Problem to work on: Copy out each line of the data that includes the string "Courtyard".
○ ○ ○ ○ ○ ○ ○
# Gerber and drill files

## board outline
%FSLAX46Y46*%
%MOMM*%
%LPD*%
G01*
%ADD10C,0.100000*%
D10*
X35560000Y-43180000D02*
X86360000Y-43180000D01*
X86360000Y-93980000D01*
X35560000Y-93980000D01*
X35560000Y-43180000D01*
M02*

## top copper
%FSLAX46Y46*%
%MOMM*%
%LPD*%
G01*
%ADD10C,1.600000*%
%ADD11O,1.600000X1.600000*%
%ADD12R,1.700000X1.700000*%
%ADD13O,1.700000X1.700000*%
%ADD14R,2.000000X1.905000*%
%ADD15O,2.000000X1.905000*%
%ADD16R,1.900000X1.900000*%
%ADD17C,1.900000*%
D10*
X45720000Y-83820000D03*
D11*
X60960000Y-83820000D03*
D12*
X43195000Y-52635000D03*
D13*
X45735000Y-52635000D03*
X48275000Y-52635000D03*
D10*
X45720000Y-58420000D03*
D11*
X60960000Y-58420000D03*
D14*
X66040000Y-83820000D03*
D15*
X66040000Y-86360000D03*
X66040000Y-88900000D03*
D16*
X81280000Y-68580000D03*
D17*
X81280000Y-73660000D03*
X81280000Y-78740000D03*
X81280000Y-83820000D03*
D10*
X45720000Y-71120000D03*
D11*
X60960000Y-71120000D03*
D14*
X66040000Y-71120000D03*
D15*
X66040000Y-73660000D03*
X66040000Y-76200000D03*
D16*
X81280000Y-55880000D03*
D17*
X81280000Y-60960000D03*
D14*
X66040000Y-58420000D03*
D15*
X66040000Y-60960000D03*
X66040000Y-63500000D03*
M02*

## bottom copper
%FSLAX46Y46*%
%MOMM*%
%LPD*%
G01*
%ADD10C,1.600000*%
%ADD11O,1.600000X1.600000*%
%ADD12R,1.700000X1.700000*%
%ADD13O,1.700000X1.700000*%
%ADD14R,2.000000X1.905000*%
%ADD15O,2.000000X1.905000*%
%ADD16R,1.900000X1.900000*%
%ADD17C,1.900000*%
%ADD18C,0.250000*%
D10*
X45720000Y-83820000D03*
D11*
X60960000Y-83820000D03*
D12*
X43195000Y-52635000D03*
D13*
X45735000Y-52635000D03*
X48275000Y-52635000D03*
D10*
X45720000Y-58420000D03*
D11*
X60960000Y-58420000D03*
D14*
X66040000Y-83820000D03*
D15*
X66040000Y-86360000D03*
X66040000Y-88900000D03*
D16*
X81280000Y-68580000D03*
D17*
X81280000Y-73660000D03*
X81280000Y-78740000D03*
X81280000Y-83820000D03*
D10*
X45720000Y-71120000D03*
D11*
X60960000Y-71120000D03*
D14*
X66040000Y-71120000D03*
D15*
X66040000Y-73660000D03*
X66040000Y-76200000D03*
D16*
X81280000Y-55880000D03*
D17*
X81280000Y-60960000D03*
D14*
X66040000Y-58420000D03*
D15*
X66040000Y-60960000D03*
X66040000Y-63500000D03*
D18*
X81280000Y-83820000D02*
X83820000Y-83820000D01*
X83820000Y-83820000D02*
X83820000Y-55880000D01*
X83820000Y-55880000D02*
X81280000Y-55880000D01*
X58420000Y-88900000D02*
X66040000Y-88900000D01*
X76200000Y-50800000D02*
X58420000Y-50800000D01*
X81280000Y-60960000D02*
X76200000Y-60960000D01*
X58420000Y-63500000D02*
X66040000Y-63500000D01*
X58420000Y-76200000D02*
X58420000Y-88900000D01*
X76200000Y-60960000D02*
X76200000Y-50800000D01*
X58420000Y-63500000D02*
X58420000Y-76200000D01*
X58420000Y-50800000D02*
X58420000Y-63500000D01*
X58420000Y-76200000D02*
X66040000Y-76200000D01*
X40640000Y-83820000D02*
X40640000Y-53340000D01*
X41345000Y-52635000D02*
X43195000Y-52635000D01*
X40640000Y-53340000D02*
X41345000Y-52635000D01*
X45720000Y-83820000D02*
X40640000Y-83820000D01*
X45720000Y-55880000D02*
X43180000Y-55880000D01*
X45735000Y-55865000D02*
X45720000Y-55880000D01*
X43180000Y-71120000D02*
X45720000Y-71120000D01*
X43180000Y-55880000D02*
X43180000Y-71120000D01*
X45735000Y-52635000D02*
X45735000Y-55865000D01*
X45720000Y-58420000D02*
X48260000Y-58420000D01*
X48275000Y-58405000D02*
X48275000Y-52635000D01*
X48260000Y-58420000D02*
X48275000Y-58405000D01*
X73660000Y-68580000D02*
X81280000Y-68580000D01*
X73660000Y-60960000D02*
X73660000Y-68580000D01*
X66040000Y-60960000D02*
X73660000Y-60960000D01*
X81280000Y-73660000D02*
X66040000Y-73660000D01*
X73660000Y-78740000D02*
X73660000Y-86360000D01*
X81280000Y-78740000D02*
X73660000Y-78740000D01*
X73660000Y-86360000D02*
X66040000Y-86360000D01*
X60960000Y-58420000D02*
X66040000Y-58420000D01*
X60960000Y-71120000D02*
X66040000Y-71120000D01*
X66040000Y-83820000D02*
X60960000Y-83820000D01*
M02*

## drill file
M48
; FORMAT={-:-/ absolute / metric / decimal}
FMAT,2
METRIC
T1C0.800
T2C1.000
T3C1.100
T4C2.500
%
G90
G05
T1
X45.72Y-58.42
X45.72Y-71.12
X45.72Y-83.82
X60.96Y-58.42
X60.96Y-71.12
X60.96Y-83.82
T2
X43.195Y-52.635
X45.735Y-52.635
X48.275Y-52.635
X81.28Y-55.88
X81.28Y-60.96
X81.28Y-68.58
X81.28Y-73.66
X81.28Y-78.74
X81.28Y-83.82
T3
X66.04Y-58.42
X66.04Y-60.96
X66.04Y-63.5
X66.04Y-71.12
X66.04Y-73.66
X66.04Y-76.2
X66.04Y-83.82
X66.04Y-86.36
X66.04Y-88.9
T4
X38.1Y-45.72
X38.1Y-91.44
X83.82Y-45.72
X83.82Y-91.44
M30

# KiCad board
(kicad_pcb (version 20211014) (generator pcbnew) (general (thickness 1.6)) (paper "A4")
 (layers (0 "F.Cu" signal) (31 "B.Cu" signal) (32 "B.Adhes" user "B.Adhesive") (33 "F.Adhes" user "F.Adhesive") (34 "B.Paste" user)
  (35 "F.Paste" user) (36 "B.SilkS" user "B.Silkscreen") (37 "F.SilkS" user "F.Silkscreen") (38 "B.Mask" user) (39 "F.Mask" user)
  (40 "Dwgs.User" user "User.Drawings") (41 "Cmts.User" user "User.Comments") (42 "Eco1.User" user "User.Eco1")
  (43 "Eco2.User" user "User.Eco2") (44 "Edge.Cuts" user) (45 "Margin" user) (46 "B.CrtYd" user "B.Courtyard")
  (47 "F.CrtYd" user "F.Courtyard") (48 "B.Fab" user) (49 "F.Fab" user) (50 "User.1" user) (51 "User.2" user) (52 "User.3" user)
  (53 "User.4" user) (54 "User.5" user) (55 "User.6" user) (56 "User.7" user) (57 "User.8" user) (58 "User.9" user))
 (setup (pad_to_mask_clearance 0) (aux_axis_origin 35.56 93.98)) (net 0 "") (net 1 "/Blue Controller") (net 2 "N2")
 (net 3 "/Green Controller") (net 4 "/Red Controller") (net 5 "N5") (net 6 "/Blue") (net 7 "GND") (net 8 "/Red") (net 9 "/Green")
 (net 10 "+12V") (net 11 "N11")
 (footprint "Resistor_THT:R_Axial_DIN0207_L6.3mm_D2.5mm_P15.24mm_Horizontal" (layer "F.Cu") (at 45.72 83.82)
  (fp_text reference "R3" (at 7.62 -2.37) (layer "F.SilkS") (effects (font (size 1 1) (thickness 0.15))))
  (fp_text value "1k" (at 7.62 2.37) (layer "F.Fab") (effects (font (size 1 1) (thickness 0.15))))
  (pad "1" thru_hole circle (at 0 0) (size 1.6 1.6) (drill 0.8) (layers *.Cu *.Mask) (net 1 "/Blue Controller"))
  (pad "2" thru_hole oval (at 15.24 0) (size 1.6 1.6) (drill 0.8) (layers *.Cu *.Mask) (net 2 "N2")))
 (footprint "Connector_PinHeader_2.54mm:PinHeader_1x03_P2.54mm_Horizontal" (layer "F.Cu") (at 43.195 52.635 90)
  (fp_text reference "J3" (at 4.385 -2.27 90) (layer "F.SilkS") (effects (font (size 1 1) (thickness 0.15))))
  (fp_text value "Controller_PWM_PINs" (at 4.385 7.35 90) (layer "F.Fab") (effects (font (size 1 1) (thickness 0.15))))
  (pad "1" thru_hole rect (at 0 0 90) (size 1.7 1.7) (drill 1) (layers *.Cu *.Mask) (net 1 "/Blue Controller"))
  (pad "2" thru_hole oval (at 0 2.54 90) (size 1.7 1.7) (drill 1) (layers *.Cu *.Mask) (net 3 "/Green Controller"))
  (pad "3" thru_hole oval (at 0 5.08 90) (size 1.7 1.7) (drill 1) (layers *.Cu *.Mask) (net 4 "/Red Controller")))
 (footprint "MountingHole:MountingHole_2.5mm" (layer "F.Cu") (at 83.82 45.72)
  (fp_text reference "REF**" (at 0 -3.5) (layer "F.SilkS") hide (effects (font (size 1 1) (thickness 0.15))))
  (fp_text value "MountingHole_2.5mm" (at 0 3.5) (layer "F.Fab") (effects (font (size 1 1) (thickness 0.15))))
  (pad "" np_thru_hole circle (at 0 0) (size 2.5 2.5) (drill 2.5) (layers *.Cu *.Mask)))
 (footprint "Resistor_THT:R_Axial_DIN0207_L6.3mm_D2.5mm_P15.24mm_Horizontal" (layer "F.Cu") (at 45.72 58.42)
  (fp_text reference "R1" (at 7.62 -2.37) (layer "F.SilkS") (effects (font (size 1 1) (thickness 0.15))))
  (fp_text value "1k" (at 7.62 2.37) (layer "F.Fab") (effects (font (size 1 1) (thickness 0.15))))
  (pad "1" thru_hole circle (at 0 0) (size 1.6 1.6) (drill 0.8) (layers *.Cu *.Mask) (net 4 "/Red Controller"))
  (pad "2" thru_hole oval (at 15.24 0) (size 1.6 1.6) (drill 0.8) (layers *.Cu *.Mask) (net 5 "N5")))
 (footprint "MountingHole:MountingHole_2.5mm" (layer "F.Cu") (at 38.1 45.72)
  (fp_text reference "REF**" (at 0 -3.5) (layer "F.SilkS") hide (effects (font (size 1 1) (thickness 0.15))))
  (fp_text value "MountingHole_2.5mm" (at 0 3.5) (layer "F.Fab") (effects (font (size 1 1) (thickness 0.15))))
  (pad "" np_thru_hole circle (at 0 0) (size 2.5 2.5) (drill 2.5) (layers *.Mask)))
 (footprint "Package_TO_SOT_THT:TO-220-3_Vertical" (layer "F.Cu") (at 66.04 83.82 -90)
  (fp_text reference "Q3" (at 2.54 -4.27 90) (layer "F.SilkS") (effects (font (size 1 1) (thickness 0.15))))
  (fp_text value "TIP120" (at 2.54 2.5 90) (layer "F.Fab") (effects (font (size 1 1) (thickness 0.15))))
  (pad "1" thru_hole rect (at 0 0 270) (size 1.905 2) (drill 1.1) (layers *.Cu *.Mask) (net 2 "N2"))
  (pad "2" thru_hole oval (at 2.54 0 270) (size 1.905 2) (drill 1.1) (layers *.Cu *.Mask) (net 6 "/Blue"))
○ ○ ○ ○ ○ ○ ○
Response box:
  (43 "Eco2.User" user "User.Eco2") (44 "Edge.Cuts" user) (45 "Margin" user) (46 "B.CrtYd" user "B.Courtyard")
  (47 "F.CrtYd" user "F.Courtyard") (48 "B.Fab" user) (49 "F.Fab" user) (50 "User.1" user) (51 "User.2" user) (52 "User.3" user)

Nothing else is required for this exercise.